◆ **Aim of the task**: Search the listing below for "hide". Copy each matching line.

◆ **Available records**:

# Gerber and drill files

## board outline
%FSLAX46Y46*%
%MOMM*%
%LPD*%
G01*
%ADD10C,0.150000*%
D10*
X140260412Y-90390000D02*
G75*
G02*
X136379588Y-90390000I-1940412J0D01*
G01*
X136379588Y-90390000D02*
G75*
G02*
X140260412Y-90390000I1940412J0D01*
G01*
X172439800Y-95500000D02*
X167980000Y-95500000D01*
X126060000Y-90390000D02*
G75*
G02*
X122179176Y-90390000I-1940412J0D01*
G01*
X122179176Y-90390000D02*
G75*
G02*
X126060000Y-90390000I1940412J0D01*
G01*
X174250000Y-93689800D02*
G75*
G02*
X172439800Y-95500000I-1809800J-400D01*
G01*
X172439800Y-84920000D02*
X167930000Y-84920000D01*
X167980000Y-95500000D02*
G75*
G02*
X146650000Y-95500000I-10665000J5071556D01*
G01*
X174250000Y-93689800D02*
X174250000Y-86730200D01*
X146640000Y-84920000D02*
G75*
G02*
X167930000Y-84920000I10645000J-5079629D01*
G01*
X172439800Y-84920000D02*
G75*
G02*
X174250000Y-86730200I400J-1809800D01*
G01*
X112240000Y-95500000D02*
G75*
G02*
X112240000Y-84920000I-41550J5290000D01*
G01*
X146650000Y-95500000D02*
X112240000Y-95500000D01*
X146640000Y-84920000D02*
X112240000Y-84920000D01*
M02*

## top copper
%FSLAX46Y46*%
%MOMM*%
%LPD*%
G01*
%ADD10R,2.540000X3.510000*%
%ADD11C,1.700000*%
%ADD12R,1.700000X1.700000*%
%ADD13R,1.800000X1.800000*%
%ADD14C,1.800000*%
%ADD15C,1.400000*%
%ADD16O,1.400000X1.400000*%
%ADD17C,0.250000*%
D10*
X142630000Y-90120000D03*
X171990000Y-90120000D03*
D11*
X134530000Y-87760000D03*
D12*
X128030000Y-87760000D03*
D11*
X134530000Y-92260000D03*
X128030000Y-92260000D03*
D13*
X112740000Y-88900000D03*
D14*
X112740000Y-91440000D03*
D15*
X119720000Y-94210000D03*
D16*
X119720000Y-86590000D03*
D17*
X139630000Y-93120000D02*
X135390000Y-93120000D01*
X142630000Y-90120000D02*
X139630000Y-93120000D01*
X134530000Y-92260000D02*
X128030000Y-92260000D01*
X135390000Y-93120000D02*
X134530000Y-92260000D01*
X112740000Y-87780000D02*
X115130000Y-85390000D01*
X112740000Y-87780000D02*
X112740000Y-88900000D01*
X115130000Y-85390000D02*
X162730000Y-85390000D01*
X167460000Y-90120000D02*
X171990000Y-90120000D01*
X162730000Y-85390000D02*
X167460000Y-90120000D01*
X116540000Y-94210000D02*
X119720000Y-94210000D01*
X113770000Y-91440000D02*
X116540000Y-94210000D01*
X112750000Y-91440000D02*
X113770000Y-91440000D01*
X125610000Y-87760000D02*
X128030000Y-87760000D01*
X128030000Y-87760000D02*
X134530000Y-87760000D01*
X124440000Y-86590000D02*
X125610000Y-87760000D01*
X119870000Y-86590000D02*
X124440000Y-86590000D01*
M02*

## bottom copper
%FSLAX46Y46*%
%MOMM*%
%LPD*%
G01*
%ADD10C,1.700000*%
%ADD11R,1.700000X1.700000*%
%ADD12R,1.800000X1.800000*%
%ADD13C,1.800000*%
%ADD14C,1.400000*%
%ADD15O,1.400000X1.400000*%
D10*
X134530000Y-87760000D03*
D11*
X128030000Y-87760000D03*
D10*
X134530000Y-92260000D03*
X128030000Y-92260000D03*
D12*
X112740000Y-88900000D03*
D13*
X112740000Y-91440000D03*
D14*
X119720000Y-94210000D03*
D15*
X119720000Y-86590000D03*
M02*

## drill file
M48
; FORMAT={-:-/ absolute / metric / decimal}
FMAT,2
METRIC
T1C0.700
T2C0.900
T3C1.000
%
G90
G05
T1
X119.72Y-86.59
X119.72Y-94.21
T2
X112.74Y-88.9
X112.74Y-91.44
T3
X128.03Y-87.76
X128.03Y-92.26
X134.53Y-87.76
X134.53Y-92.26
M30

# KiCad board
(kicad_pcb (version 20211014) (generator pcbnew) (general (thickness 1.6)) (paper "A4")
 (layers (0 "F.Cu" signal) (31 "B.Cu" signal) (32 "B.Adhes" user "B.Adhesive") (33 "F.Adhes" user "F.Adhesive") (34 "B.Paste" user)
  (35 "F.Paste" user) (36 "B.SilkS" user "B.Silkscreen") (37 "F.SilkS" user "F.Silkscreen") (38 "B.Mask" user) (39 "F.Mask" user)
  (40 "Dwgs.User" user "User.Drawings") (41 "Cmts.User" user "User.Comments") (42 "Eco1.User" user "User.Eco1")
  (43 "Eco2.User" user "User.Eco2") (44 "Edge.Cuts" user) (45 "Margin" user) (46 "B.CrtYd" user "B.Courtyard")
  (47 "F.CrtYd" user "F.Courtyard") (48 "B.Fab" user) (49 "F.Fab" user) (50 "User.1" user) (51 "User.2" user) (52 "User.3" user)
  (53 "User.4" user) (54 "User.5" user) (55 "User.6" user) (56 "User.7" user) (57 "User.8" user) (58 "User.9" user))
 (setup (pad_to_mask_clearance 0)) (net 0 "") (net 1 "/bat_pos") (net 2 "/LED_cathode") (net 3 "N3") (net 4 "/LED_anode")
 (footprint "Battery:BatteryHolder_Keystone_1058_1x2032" (layer "F.Cu") (at 157.31 90.12)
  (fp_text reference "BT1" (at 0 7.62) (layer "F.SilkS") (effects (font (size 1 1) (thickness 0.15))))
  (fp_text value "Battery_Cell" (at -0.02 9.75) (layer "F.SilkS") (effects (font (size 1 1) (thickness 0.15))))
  (pad "1" smd rect (at -14.68 0) (size 2.54 3.51) (layers "F.Cu" "F.Paste" "F.Mask") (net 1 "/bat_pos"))
  (pad "2" smd rect (at 14.68 0) (size 2.54 3.51) (layers "F.Cu" "F.Paste" "F.Mask") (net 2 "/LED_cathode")))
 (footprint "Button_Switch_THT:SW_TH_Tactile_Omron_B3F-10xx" (layer "F.Cu") (at 128.03 87.76)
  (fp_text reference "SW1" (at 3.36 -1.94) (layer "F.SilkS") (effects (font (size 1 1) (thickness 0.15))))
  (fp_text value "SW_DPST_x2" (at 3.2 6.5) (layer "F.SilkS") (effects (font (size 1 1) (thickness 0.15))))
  (pad "1" thru_hole circle (at 6.5 0) (size 1.7 1.7) (drill 1) (layers *.Cu *.Mask) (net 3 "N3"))
  (pad "1" thru_hole rect (at 0 0) (size 1.7 1.7) (drill 1) (layers *.Cu *.Mask) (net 3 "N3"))
  (pad "2" thru_hole circle (at 6.5 4.5) (size 1.7 1.7) (drill 1) (layers *.Cu *.Mask) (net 1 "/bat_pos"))
  (pad "2" thru_hole circle (at 0 4.5) (size 1.7 1.7) (drill 1) (layers *.Cu *.Mask) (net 1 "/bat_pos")))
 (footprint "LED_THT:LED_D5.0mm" (layer "F.Cu") (at 112.74 88.9 -90)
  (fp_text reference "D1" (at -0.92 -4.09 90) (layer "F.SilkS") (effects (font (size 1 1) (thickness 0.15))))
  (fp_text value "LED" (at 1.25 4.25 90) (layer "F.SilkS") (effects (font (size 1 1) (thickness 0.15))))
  (pad "1" thru_hole rect (at 0 0 270) (size 1.8 1.8) (drill 0.9) (layers *.Cu *.Mask) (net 2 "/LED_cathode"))
  (pad "2" thru_hole circle (at 2.54 0 270) (size 1.8 1.8) (drill 0.9) (layers *.Cu *.Mask) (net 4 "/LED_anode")))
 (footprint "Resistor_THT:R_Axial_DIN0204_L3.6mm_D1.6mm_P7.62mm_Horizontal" (layer "F.Cu") (at 119.72 94.21 90)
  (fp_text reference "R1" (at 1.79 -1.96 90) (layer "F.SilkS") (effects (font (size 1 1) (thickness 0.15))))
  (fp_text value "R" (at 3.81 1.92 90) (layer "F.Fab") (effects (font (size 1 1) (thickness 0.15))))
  (pad "1" thru_hole circle (at 0 0 90) (size 1.4 1.4) (drill 0.7) (layers *.Cu *.Mask) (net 4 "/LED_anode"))
  (pad "2" thru_hole oval (at 7.62 0 90) (size 1.4 1.4) (drill 0.7) (layers *.Cu *.Mask) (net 3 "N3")))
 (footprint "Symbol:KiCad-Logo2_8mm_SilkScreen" (layer "B.Cu") (at 157.18 88.95 180)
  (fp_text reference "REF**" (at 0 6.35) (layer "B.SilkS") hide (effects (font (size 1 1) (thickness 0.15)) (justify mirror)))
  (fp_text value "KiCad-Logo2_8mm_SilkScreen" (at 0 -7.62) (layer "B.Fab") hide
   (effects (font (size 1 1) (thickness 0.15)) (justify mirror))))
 (gr_circle (center 138.32 90.39) (end 140.260412 90.39) (layer "Edge.Cuts") (width 0.15) (fill none))
 (gr_line (start 172.4398 95.5) (end 167.98 95.5) (layer "Edge.Cuts") (width 0.15))
 (gr_circle (center 124.119588 90.39) (end 126.06 90.39) (layer "Edge.Cuts") (width 0.15) (fill none))
 (gr_arc (start 174.25 93.6898) (mid 173.719917 94.969917) (end 172.4398 95.5) (layer "Edge.Cuts") (width 0.15))
 (gr_line (start 172.4398 84.92) (end 167.93 84.92) (layer "Edge.Cuts") (width 0.15))
 (gr_arc (start 167.98 95.5) (mid 157.312447 102.237885) (end 146.65 95.5) (layer "Edge.Cuts") (width 0.15))
 (gr_line (start 174.25 93.6898) (end 174.25 86.7302) (layer "Edge.Cuts") (width 0.15))
 (gr_arc (start 146.64 84.92) (mid 157.284081 78.204772) (end 167.93 84.92) (layer "Edge.Cuts") (width 0.15))
 (gr_arc (start 172.4398 84.92) (mid 173.719921 85.450079) (end 174.25 86.7302) (layer "Edge.Cuts") (width 0.15))
 (gr_arc (start 112.24 95.5) (mid 106.908289 90.21) (end 112.24 84.92) (layer "Edge.Cuts") (width 0.15))
 (gr_line (start 146.65 95.5) (end 112.24 95.5) (layer "Edge.Cuts") (width 0.15))
 (gr_line (start 146.64 84.92) (end 112.24 84.92) (layer "Edge.Cuts") (width 0.15))
 (segment (start 139.63 93.12) (end 135.39 93.12) (width 0.25) (layer "F.Cu") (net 1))
 (segment (start 142.63 90.12) (end 139.63 93.12) (width 0.25) (layer "F.Cu") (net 1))
 (segment (start 134.53 92.26) (end 128.03 92.26) (width 0.25) (layer "F.Cu") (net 1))
 (segment (start 135.39 93.12) (end 134.53 92.26) (width 0.25) (layer "F.Cu") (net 1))
 (segment (start 112.74 87.78) (end 115.13 85.39) (width 0.25) (layer "F.Cu") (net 2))
 (segment (start 112.74 87.78) (end 112.74 88.9) (width 0.25) (layer "F.Cu") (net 2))
 (segment (start 115.13 85.39) (end 162.73 85.39) (width 0.25) (layer "F.Cu") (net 2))
 (segment (start 167.46 90.12) (end 171.99 90.12) (width 0.25) (layer "F.Cu") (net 2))
 (segment (start 162.73 85.39) (end 167.46 90.12) (width 0.25) (layer "F.Cu") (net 2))
 (segment (start 116.54 94.21) (end 119.72 94.21) (width 0.25) (layer "F.Cu") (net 4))
 (segment (start 113.77 91.44) (end 116.54 94.21) (width 0.25) (layer "F.Cu") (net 4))
 (segment (start 112.75 91.44) (end 113.77 91.44) (width 0.25) (layer "F.Cu") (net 4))
 (segment (start 125.61 87.76) (end 128.03 87.76) (width 0.25) (layer "F.Cu") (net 3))
 (segment (start 128.03 87.76) (end 134.53 87.76) (width 0.25) (layer "F.Cu") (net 3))
 (segment (start 124.44 86.59) (end 125.61 87.76) (width 0.25) (layer "F.Cu") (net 3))
 (segment (start 119.87 86.59) (end 124.44 86.59) (width 0.25) (layer "F.Cu") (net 3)))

◆ **Task solution**:
  (fp_text reference "REF**" (at 0 6.35) (layer "B.SilkS") hide (effects (font (size 1 1) (thickness 0.15)) (justify mirror)))
  (fp_text value "KiCad-Logo2_8mm_SilkScreen" (at 0 -7.62) (layer "B.Fab") hide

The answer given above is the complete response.